I discussed love with couple of friends recently; one an idealist, the other a realist. To my idealist friend I became an idealist, though I myself am not one under the law of idealism. To my realist friend I became a realist, though I do believe in the kind of true romance that causes two likable protagonists to get married after spending a solitary evening together and to subsequently get caught up in a string of wacky adventures directed by Quentin Tarantino.

I’m in the process of re-evaluating everything I know -- or rather, would like to think I know -- about love. After all, there are few more important things to know (and to know about) than it. Love is at the centre of everything; it’s our raison d’etre…at least according to my sister, anyway. The apostle Paul pinpoints it as the most excellent way. So excellent that if we have everything else but we have not love, we have nothing.

Unfortunately, we have been sold a lie about love by the culture around us, though it is a lie not too far from the truth. The lie is the following: Love comes to us pre-packaged, ready to roll. It is a prize or a treasure waiting to be found, and when it is found you live happily ever after, constantly feeding yourself on this precious resource. Love, for want of a good analogy, is like a giant chocolate bar, to be consumed for your own pleasure. To apply a line from Kevin Devine’s critique of Western society, “We want everything we see and when it’s gone we just want more.”

Think of all the films that end with a couple finally getting together, be it finally kissing, finally having sex, or increasingly rarely, finally marrying. In such films, the prize has been won; the treasure has been discovered; the chocolate bar has been unwrapped. These moments are sold to us as the zenith of love. The lucky couple has reached it, now go ye and do likewise - that’s the greatest command of our time.

And so off we go, nibbling away on assorted sweets until we stumble across the bar for us. We chase something that’s supposed to be the end, but the reality is that it is only the beginning. A date, a kiss, even a wedding, is but the start of love. As a leading Canadian philosopher once said, love can touch us just one time but it lasts for a life time. A life time, people!

True romance does not come to us like a product from a vending machine. Say the right words, make the right girl laugh, and you will not receive a thing called “love” in return for your payment. For love is primarily not something received, but something given. We see this in the definitive love story of the world; the one between God and man. God did not redeem because he was loved and because he took; he redeemed because he loved and because he gave. His loving was his giving; His giving was his loving.

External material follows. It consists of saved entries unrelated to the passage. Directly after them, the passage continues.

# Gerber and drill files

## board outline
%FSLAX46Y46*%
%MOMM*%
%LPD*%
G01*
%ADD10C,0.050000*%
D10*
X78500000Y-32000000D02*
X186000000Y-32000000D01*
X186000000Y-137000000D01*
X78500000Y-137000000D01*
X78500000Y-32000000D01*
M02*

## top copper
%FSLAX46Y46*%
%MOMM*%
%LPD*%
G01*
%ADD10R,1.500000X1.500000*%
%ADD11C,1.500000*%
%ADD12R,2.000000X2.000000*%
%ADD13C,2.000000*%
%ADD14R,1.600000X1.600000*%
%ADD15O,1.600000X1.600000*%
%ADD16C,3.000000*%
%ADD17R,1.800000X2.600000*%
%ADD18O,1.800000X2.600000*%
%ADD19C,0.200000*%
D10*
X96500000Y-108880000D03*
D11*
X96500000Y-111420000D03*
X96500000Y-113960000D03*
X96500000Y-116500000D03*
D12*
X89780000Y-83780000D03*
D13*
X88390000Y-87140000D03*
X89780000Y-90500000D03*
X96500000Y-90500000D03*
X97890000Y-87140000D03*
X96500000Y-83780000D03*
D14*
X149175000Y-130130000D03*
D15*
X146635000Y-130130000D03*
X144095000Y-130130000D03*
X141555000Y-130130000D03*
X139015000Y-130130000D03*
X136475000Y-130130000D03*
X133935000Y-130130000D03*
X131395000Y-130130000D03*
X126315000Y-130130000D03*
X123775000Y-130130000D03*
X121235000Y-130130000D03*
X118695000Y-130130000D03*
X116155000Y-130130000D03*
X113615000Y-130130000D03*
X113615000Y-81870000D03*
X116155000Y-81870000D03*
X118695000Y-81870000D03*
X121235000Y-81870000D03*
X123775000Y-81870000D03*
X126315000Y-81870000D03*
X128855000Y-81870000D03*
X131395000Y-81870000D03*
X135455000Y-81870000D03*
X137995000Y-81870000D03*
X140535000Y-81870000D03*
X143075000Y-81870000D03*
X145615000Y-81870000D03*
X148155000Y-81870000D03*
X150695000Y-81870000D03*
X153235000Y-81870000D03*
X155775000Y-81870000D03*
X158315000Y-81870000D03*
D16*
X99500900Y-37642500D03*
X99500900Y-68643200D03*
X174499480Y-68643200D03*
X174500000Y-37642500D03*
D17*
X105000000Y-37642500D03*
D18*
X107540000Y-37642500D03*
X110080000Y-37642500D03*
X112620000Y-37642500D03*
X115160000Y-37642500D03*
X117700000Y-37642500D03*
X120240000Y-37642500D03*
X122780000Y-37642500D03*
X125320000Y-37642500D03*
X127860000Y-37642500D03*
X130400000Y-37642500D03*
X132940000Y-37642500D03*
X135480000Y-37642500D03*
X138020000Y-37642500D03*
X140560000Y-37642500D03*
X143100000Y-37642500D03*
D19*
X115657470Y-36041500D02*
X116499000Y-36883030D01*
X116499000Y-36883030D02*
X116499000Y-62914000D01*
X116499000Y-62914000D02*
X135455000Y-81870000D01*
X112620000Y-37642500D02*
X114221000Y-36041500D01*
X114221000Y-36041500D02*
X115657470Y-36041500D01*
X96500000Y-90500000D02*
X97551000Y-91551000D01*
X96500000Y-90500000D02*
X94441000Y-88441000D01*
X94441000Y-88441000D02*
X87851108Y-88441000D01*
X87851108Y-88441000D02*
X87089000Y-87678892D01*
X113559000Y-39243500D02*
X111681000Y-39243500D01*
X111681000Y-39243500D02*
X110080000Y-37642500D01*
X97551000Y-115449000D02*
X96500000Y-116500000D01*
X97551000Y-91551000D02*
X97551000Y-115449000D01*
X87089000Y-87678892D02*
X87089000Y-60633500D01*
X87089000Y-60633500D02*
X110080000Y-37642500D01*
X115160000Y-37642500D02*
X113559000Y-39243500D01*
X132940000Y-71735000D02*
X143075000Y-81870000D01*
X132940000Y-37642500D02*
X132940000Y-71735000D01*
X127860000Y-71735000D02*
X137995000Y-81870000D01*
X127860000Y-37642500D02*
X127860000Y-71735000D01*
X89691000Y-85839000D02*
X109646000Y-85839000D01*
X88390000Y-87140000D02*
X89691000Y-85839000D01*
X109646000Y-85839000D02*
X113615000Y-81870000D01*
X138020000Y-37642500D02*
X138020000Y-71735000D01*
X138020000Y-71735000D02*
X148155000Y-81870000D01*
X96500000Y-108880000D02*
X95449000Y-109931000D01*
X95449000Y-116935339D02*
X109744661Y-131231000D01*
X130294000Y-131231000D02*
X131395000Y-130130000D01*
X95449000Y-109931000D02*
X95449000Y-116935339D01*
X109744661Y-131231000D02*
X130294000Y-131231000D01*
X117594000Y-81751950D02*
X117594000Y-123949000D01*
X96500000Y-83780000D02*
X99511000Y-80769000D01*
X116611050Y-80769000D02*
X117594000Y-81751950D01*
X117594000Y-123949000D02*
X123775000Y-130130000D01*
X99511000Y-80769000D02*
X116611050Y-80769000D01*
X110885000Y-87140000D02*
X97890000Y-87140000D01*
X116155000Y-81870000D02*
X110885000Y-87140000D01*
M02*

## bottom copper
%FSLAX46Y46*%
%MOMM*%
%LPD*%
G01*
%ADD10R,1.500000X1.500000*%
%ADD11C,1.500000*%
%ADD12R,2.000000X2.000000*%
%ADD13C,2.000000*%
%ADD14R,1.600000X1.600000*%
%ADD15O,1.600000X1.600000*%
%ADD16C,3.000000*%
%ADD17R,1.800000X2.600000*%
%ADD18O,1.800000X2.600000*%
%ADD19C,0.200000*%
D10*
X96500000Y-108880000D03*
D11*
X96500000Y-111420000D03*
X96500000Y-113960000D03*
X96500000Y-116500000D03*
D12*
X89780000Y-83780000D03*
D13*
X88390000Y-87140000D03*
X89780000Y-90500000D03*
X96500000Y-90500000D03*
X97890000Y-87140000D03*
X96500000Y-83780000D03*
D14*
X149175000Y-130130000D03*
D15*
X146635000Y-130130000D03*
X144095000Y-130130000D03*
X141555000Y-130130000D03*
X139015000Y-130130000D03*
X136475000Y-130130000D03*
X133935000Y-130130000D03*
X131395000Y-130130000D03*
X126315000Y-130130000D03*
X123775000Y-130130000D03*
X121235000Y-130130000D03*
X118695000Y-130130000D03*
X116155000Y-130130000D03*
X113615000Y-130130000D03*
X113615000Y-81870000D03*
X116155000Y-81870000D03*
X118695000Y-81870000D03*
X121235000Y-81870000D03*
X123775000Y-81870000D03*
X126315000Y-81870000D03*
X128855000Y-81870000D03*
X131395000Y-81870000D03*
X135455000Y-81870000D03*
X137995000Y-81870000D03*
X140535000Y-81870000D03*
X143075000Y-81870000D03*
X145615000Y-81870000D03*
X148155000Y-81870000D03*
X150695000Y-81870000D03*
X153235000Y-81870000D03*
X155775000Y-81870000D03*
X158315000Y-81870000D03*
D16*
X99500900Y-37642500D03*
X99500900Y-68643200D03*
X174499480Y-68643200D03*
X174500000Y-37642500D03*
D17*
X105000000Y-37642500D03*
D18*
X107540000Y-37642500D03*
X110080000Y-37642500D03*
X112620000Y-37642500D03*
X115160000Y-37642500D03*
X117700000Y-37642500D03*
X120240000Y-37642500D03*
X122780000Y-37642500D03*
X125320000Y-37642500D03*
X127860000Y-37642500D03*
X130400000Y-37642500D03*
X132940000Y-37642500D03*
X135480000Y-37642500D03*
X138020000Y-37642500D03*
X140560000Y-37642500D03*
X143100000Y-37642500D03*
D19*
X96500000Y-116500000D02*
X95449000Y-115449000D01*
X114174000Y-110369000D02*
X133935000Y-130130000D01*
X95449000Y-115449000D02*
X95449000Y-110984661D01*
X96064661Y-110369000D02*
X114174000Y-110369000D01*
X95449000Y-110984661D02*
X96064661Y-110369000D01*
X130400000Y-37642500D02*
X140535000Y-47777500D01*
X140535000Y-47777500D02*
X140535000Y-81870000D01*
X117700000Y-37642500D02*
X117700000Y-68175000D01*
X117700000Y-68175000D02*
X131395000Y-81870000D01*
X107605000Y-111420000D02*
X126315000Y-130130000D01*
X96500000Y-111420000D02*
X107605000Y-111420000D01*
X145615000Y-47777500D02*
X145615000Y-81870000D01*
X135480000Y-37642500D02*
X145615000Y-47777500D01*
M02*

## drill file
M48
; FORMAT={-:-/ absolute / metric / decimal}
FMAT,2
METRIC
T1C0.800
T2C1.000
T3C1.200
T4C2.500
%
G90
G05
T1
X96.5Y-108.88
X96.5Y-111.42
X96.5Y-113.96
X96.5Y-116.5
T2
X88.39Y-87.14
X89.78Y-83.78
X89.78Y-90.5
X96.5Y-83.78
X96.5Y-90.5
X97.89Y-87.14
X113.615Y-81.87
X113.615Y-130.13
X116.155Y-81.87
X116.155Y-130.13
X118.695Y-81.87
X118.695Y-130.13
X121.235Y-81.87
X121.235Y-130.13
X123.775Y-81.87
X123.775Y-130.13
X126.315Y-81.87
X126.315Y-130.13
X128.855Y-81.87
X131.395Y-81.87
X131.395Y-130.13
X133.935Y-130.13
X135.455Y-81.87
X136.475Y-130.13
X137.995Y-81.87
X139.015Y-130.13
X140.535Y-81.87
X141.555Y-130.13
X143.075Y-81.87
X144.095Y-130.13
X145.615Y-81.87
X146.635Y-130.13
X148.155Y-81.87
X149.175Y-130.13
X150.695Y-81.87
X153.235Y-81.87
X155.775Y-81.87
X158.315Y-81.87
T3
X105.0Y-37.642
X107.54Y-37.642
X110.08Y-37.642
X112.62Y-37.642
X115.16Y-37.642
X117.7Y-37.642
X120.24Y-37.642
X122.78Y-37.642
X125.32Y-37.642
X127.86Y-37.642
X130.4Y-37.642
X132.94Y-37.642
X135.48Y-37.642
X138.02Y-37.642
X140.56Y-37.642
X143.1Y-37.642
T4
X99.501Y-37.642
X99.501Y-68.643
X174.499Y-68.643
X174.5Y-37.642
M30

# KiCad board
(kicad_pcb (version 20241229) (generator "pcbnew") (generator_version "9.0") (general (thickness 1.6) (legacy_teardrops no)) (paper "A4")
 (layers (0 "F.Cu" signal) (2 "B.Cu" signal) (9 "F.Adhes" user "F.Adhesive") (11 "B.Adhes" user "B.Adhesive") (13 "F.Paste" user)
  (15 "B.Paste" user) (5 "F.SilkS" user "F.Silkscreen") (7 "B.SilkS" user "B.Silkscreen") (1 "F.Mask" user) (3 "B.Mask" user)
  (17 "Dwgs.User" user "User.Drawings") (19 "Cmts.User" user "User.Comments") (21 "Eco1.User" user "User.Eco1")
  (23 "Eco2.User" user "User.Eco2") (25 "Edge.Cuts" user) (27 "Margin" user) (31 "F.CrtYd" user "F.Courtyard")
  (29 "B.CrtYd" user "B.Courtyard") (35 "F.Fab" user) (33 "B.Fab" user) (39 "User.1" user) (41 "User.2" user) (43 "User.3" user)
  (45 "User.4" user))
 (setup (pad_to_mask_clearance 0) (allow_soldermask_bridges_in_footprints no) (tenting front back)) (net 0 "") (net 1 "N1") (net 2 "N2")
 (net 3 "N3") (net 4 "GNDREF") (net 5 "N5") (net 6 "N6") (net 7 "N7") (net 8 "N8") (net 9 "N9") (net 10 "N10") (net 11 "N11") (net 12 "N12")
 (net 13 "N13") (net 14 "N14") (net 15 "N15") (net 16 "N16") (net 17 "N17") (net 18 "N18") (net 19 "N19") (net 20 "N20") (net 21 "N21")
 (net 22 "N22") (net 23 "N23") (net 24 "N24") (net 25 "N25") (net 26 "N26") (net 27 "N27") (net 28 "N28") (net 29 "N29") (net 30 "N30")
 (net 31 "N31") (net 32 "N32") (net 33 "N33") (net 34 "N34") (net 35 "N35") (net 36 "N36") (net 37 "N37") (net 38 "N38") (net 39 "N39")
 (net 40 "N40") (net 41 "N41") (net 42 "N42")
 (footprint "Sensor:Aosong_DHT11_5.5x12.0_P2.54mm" (layer "F.Cu") (at 96.5 108.88)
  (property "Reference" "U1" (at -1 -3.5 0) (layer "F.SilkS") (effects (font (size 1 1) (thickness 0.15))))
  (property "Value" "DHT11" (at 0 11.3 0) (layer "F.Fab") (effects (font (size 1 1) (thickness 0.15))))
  (pad "1" thru_hole rect (at 0 0) (size 1.5 1.5) (drill 0.8) (layers "*.Cu" "*.Mask") (remove_unused_layers no) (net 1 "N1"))
  (pad "2" thru_hole circle (at 0 2.54) (size 1.5 1.5) (drill 0.8) (layers "*.Cu" "*.Mask") (remove_unused_layers no) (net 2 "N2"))
  (pad "3" thru_hole circle (at 0 5.08) (size 1.5 1.5) (drill 0.8) (layers "*.Cu" "*.Mask") (remove_unused_layers no) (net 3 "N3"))
  (pad "4" thru_hole circle (at 0 7.62) (size 1.5 1.5) (drill 0.8) (layers "*.Cu" "*.Mask") (remove_unused_layers no) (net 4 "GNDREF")))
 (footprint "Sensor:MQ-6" (layer "F.Cu") (at 89.78 83.78)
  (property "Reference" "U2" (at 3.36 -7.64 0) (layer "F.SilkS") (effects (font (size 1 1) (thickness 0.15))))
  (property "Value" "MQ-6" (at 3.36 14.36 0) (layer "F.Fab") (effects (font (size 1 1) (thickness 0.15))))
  (pad "1" thru_hole rect (at 0 0) (size 2 2) (drill 1) (layers "*.Cu" "*.Mask") (remove_unused_layers no) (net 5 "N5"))
  (pad "2" thru_hole circle (at -1.39 3.36) (size 2 2) (drill 1) (layers "*.Cu" "*.Mask") (remove_unused_layers no) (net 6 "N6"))
  (pad "3" thru_hole circle (at 0 6.72 90) (size 2 2) (drill 1) (layers "*.Cu" "*.Mask") (remove_unused_layers no) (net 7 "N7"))
  (pad "4" thru_hole circle (at 6.72 6.72 180) (size 2 2) (drill 1) (layers "*.Cu" "*.Mask") (remove_unused_layers no) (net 4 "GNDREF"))
  (pad "5" thru_hole circle (at 8.11 3.36) (size 2 2) (drill 1) (layers "*.Cu" "*.Mask") (remove_unused_layers no) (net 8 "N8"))
  (pad "6" thru_hole circle (at 6.72 0 270) (size 2 2) (drill 1) (layers "*.Cu" "*.Mask") (remove_unused_layers no) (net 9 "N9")))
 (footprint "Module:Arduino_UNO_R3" (layer "F.Cu") (at 149.175 130.13 180)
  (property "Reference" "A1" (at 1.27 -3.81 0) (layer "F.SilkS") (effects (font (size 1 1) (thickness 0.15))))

Now of course there exists the dynamic of gift and reception. A gift is precisely something to be received. I make no mistake about it: love must be received if it is to have its full effect on the lover and the beloved. Nonetheless, our destiny is not only to be loved. We are created and called and destined to be lovers in the image of God.

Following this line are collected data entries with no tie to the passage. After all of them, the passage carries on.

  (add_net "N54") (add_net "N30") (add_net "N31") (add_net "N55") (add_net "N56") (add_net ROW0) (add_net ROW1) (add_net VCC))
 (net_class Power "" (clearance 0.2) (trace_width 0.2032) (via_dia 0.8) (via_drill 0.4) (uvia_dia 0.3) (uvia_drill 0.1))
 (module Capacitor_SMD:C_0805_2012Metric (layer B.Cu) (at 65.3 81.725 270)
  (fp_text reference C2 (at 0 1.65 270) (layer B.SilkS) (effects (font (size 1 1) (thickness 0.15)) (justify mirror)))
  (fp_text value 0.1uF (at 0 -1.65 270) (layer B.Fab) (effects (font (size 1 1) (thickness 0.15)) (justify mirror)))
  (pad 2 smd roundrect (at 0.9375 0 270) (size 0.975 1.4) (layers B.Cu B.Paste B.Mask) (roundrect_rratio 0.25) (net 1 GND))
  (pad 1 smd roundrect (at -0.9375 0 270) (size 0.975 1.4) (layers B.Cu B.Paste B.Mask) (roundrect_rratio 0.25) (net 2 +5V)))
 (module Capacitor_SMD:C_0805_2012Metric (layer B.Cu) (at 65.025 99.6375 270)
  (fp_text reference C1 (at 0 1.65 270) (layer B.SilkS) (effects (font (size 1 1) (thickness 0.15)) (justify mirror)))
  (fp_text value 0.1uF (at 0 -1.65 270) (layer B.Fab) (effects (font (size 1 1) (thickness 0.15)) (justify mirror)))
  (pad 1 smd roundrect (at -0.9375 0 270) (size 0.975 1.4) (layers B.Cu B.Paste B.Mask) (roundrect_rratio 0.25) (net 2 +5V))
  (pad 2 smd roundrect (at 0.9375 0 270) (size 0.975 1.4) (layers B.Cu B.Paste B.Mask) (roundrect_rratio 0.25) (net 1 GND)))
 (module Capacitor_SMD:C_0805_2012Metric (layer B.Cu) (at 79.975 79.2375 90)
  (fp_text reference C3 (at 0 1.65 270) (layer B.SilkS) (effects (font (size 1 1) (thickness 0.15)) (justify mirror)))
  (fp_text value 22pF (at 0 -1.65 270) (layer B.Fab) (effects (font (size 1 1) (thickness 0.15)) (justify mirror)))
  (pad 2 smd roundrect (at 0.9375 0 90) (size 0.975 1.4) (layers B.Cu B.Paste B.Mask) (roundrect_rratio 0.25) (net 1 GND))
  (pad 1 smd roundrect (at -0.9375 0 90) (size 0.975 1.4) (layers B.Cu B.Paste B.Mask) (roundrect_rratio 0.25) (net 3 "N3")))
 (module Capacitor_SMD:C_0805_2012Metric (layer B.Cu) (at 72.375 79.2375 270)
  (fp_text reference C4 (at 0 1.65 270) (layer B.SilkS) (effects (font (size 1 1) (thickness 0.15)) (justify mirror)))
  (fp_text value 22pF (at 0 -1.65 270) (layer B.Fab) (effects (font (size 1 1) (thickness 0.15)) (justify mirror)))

This goes against the grain of our hyper-consumerism, which compels us to constantly ask the question “From where can I take love?” Thus we mistake love for being two people taking from each other; two people using each other for their own ends. In such a relationship, sacrifice is replaced with satiation. Take, take, take; use, use, use. The cardinal sin is to deny oneself, to lose oneself for the sake of the other.

But the fundamental structure of the universe, the story of creation told in the Bible, and the deepest realities revealed by Jesus point in the opposite direction. We are most truly ourselves when we deny ourselves -- that is, deny our selfish ambition and “rightful” claim to things -- and instead consider others greater than the self. We find life to the full when we lose our lives for the sake of others. In a world where we see everything and everyone as an object, this deep reality makes no sense. When we begin to see people as subjects, however, we will find that our life of love takes on a new dynamic more fulfilling and more satisfying than we ever could have known. For objects cannot make themselves known, they cannot love; but subjects can.

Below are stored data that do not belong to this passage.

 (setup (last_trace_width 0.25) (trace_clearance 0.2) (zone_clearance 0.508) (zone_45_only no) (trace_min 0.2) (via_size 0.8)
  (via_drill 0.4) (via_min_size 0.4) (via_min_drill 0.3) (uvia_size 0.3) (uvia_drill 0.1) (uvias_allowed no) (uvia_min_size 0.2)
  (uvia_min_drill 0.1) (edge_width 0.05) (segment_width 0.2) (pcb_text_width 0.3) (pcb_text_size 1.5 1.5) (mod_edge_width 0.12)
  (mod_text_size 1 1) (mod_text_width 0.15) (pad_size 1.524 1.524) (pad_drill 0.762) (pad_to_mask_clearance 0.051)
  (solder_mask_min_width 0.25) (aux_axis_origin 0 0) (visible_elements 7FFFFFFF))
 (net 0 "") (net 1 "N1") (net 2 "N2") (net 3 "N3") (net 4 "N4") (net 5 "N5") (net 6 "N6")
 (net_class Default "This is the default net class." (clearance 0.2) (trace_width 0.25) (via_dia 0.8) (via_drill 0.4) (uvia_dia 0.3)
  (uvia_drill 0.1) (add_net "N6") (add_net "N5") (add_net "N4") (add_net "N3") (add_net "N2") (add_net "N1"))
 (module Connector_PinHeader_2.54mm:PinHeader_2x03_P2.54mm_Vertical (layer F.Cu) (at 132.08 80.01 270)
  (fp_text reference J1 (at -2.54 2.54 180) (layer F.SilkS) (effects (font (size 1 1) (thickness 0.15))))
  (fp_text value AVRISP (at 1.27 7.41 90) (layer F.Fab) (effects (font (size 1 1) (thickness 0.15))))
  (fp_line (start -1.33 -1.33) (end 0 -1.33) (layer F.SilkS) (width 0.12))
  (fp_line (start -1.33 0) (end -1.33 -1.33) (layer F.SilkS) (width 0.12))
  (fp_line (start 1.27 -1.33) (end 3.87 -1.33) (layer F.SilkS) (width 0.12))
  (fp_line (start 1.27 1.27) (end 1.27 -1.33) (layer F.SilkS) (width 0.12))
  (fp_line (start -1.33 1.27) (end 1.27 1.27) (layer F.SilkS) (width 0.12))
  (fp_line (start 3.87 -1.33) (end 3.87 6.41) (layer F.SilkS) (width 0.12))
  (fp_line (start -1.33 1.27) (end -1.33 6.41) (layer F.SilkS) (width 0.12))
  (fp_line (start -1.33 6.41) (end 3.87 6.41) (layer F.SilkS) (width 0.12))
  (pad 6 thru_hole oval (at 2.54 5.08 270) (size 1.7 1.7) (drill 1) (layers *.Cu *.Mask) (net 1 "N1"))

(When we wholly objectify the person we try to love, we then become confused as to what love looks like and why we actually love them. This is where all that movie mumbo jumbo comes in - I love you because your hair gets wet when it rains; I love you because you always know who the bad guy is when we watch Scooby Doo; I love you because you do something quirky with some part of your body when you’re nervous; I love you because you remind me of my mother.)

Song of Songs -- a book in the Bible which a creepily giddy Rob Bell calls a “collection of Hebrew love poems that are so explicit and erotic that young Jewish boys weren’t even allowed read them until they were older” -- repeats the following exhortation a number of times: do not awaken love until it so desires. This is why I said earlier that the present culture’s lie about love is not far from the truth. The love between a man and a woman is a mysterious thing. It can build slowly over time between friends, or it can catch complete strangers unawares. Love awakens when it wants to awaken, and when it does it becomes the stuff of fairytales and stories; a transcendent power worth telling of.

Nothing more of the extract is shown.